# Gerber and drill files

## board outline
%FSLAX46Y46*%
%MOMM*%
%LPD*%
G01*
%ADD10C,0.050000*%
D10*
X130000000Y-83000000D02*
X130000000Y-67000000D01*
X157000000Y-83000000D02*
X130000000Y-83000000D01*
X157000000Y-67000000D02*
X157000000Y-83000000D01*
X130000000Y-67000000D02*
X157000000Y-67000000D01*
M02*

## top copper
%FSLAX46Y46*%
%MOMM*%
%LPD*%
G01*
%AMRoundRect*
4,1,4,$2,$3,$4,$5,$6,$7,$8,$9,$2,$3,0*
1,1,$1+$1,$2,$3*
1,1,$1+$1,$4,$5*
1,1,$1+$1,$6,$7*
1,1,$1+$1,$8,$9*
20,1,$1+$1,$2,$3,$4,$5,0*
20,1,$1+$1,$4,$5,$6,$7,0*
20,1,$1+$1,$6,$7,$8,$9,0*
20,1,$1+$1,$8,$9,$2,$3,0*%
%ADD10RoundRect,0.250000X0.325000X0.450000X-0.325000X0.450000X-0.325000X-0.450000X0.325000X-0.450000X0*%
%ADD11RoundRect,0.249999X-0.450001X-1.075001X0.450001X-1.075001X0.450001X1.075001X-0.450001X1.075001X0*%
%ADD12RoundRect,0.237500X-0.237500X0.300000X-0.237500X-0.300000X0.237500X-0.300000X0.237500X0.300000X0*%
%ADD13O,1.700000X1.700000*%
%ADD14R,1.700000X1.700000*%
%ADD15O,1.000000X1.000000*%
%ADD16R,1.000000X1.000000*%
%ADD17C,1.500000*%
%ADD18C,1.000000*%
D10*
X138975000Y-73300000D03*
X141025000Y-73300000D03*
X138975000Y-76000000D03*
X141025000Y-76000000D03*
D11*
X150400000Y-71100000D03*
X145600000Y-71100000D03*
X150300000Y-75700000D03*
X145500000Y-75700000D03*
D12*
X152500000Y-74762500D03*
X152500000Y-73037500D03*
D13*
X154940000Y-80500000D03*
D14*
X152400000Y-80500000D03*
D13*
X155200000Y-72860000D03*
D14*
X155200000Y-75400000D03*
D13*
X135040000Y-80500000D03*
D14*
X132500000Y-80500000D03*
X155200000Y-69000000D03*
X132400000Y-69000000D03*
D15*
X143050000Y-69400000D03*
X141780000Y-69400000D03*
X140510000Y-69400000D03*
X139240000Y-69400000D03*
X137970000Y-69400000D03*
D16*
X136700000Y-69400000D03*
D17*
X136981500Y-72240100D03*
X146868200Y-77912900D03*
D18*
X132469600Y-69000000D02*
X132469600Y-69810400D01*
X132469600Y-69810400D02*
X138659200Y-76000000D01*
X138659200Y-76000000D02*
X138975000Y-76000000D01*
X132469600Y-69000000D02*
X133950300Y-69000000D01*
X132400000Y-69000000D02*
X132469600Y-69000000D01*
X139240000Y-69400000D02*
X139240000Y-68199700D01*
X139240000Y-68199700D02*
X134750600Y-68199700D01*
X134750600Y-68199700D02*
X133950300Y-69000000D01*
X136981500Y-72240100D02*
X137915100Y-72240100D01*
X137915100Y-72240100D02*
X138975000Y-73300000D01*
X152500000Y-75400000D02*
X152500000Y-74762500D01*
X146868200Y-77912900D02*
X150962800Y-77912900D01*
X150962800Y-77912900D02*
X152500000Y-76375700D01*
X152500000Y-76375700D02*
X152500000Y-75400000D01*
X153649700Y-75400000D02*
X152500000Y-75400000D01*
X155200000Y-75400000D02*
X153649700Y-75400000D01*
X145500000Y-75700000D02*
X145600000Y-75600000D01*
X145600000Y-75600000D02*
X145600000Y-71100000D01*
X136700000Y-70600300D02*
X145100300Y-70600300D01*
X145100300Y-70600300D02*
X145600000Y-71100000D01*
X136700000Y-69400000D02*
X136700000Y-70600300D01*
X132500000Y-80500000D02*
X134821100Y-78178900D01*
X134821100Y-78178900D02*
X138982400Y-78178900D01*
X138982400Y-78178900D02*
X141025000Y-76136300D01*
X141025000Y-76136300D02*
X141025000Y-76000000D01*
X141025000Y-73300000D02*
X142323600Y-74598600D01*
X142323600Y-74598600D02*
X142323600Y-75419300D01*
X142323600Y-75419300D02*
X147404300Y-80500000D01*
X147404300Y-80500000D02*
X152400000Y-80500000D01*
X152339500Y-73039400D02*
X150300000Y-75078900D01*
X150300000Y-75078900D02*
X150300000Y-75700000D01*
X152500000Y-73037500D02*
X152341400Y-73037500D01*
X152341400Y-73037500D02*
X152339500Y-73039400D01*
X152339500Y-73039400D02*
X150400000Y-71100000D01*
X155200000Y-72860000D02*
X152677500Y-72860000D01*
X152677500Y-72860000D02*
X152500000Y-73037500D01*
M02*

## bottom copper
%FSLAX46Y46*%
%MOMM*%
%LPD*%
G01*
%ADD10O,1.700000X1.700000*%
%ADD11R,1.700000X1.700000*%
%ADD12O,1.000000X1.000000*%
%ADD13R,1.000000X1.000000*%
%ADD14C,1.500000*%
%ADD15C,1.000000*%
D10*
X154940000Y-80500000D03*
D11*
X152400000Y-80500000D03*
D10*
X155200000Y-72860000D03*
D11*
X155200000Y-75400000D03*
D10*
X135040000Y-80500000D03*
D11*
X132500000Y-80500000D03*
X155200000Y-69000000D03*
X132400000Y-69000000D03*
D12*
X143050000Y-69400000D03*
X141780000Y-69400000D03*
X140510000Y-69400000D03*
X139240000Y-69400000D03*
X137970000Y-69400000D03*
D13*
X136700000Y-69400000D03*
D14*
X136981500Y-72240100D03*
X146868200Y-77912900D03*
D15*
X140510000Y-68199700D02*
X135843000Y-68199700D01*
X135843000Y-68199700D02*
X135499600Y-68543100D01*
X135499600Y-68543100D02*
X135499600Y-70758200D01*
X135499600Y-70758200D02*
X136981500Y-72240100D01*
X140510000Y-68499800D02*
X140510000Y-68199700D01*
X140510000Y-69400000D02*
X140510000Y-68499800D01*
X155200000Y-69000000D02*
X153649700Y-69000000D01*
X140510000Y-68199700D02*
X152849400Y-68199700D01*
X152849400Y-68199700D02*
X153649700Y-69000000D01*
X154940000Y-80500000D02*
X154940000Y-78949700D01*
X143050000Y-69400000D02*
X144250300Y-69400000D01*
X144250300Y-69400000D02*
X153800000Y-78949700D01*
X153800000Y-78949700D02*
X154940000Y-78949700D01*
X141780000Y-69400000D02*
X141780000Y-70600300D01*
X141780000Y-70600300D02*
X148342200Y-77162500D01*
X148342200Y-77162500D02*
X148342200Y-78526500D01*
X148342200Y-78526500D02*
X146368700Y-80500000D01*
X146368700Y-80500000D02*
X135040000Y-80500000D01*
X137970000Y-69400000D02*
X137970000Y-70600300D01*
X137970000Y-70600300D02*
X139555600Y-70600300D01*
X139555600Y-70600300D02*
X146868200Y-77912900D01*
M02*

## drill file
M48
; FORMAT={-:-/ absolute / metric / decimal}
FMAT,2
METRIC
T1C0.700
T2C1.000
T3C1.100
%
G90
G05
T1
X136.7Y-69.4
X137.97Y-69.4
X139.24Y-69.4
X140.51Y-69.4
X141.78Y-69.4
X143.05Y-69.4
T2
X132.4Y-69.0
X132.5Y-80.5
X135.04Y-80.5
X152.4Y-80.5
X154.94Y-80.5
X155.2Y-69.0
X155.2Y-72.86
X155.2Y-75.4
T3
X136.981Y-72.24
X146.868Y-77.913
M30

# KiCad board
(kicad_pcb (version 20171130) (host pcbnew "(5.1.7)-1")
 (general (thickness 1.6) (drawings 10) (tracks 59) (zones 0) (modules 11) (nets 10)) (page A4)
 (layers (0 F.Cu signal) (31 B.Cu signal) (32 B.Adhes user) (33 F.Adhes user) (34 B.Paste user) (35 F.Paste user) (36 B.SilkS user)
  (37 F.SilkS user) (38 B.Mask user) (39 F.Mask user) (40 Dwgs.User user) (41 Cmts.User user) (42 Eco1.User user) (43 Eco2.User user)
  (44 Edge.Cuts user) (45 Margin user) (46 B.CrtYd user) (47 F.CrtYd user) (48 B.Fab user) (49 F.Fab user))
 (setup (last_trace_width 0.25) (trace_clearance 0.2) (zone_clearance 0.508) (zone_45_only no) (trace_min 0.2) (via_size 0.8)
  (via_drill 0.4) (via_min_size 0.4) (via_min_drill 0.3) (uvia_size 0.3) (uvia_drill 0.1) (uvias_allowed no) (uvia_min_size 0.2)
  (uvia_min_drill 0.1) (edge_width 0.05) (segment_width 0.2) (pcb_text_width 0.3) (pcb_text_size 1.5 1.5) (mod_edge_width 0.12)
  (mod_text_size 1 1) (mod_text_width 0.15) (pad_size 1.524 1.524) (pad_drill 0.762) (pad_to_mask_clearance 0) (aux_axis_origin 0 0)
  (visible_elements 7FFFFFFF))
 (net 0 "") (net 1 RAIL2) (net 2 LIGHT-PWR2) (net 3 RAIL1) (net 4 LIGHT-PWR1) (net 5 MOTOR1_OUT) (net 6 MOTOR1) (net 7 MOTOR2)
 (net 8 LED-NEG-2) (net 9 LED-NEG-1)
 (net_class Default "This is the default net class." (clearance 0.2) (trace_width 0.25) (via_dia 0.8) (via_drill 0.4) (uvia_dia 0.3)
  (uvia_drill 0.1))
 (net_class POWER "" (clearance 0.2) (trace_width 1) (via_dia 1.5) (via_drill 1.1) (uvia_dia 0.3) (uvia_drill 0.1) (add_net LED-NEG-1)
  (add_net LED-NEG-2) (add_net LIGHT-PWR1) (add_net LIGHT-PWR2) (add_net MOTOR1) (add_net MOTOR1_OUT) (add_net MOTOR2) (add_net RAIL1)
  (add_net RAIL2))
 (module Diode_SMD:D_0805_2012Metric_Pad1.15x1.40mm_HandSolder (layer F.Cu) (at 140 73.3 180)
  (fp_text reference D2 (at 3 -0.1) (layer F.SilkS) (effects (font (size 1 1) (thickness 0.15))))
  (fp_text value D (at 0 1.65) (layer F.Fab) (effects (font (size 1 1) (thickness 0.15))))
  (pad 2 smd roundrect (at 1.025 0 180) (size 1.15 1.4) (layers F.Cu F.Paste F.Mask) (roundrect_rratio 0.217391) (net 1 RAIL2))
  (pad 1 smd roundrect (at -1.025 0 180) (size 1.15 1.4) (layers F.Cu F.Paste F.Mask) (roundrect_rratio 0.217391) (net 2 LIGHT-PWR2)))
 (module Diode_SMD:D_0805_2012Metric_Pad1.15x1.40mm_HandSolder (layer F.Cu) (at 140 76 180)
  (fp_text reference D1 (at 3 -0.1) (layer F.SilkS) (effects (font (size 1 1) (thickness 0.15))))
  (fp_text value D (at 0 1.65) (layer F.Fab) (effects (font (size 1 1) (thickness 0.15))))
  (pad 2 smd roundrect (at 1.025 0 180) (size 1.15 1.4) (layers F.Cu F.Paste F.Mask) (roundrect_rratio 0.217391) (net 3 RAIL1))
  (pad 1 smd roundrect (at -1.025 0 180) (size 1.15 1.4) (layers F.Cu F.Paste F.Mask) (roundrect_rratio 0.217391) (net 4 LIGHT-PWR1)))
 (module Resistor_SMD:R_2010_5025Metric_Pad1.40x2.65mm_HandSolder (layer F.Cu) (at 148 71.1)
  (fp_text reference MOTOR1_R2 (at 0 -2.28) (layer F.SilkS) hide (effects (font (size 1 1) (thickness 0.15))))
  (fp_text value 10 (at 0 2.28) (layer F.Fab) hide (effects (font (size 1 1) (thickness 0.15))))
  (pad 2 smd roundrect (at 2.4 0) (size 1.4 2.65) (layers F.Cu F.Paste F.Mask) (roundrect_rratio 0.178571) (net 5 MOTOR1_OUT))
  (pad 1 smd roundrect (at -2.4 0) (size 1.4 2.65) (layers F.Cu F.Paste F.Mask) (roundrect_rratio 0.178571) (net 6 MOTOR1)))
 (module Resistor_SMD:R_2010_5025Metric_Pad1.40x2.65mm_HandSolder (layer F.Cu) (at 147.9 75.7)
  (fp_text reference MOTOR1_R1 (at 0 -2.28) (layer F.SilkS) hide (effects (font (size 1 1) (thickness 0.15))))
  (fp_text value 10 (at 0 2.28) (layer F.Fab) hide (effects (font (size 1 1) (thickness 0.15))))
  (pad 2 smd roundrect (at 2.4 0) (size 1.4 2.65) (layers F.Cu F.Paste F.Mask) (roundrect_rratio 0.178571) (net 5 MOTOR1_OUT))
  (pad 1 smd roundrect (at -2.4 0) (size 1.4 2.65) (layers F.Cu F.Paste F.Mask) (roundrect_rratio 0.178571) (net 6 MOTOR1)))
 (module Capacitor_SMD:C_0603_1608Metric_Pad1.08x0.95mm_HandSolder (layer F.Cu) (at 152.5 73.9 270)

--- Exercise goal ---
Output the material above exactly, but only from the line that carries "X148342200Y-77162500D01*" through the line that carries "0.1) (add_net LED-NEG-1)".

--- Expected output ---
X148342200Y-77162500D01*
X148342200Y-77162500D02*
X148342200Y-78526500D01*
X148342200Y-78526500D02*
X146368700Y-80500000D01*
X146368700Y-80500000D02*
X135040000Y-80500000D01*
X137970000Y-69400000D02*
X137970000Y-70600300D01*
X137970000Y-70600300D02*
X139555600Y-70600300D01*
X139555600Y-70600300D02*
X146868200Y-77912900D01*
M02*

## drill file
M48
; FORMAT={-:-/ absolute / metric / decimal}
FMAT,2
METRIC
T1C0.700
T2C1.000
T3C1.100
%
G90
G05
T1
X136.7Y-69.4
X137.97Y-69.4
X139.24Y-69.4
X140.51Y-69.4
X141.78Y-69.4
X143.05Y-69.4
T2
X132.4Y-69.0
X132.5Y-80.5
X135.04Y-80.5
X152.4Y-80.5
X154.94Y-80.5
X155.2Y-69.0
X155.2Y-72.86
X155.2Y-75.4
T3
X136.981Y-72.24
X146.868Y-77.913
M30

# KiCad board
(kicad_pcb (version 20171130) (host pcbnew "(5.1.7)-1")
 (general (thickness 1.6) (drawings 10) (tracks 59) (zones 0) (modules 11) (nets 10)) (page A4)
 (layers (0 F.Cu signal) (31 B.Cu signal) (32 B.Adhes user) (33 F.Adhes user) (34 B.Paste user) (35 F.Paste user) (36 B.SilkS user)
  (37 F.SilkS user) (38 B.Mask user) (39 F.Mask user) (40 Dwgs.User user) (41 Cmts.User user) (42 Eco1.User user) (43 Eco2.User user)
  (44 Edge.Cuts user) (45 Margin user) (46 B.CrtYd user) (47 F.CrtYd user) (48 B.Fab user) (49 F.Fab user))
 (setup (last_trace_width 0.25) (trace_clearance 0.2) (zone_clearance 0.508) (zone_45_only no) (trace_min 0.2) (via_size 0.8)
  (via_drill 0.4) (via_min_size 0.4) (via_min_drill 0.3) (uvia_size 0.3) (uvia_drill 0.1) (uvias_allowed no) (uvia_min_size 0.2)
  (uvia_min_drill 0.1) (edge_width 0.05) (segment_width 0.2) (pcb_text_width 0.3) (pcb_text_size 1.5 1.5) (mod_edge_width 0.12)
  (mod_text_size 1 1) (mod_text_width 0.15) (pad_size 1.524 1.524) (pad_drill 0.762) (pad_to_mask_clearance 0) (aux_axis_origin 0 0)
  (visible_elements 7FFFFFFF))
 (net 0 "") (net 1 RAIL2) (net 2 LIGHT-PWR2) (net 3 RAIL1) (net 4 LIGHT-PWR1) (net 5 MOTOR1_OUT) (net 6 MOTOR1) (net 7 MOTOR2)
 (net 8 LED-NEG-2) (net 9 LED-NEG-1)
 (net_class Default "This is the default net class." (clearance 0.2) (trace_width 0.25) (via_dia 0.8) (via_drill 0.4) (uvia_dia 0.3)
  (uvia_drill 0.1))
 (net_class POWER "" (clearance 0.2) (trace_width 1) (via_dia 1.5) (via_drill 1.1) (uvia_dia 0.3) (uvia_drill 0.1) (add_net LED-NEG-1)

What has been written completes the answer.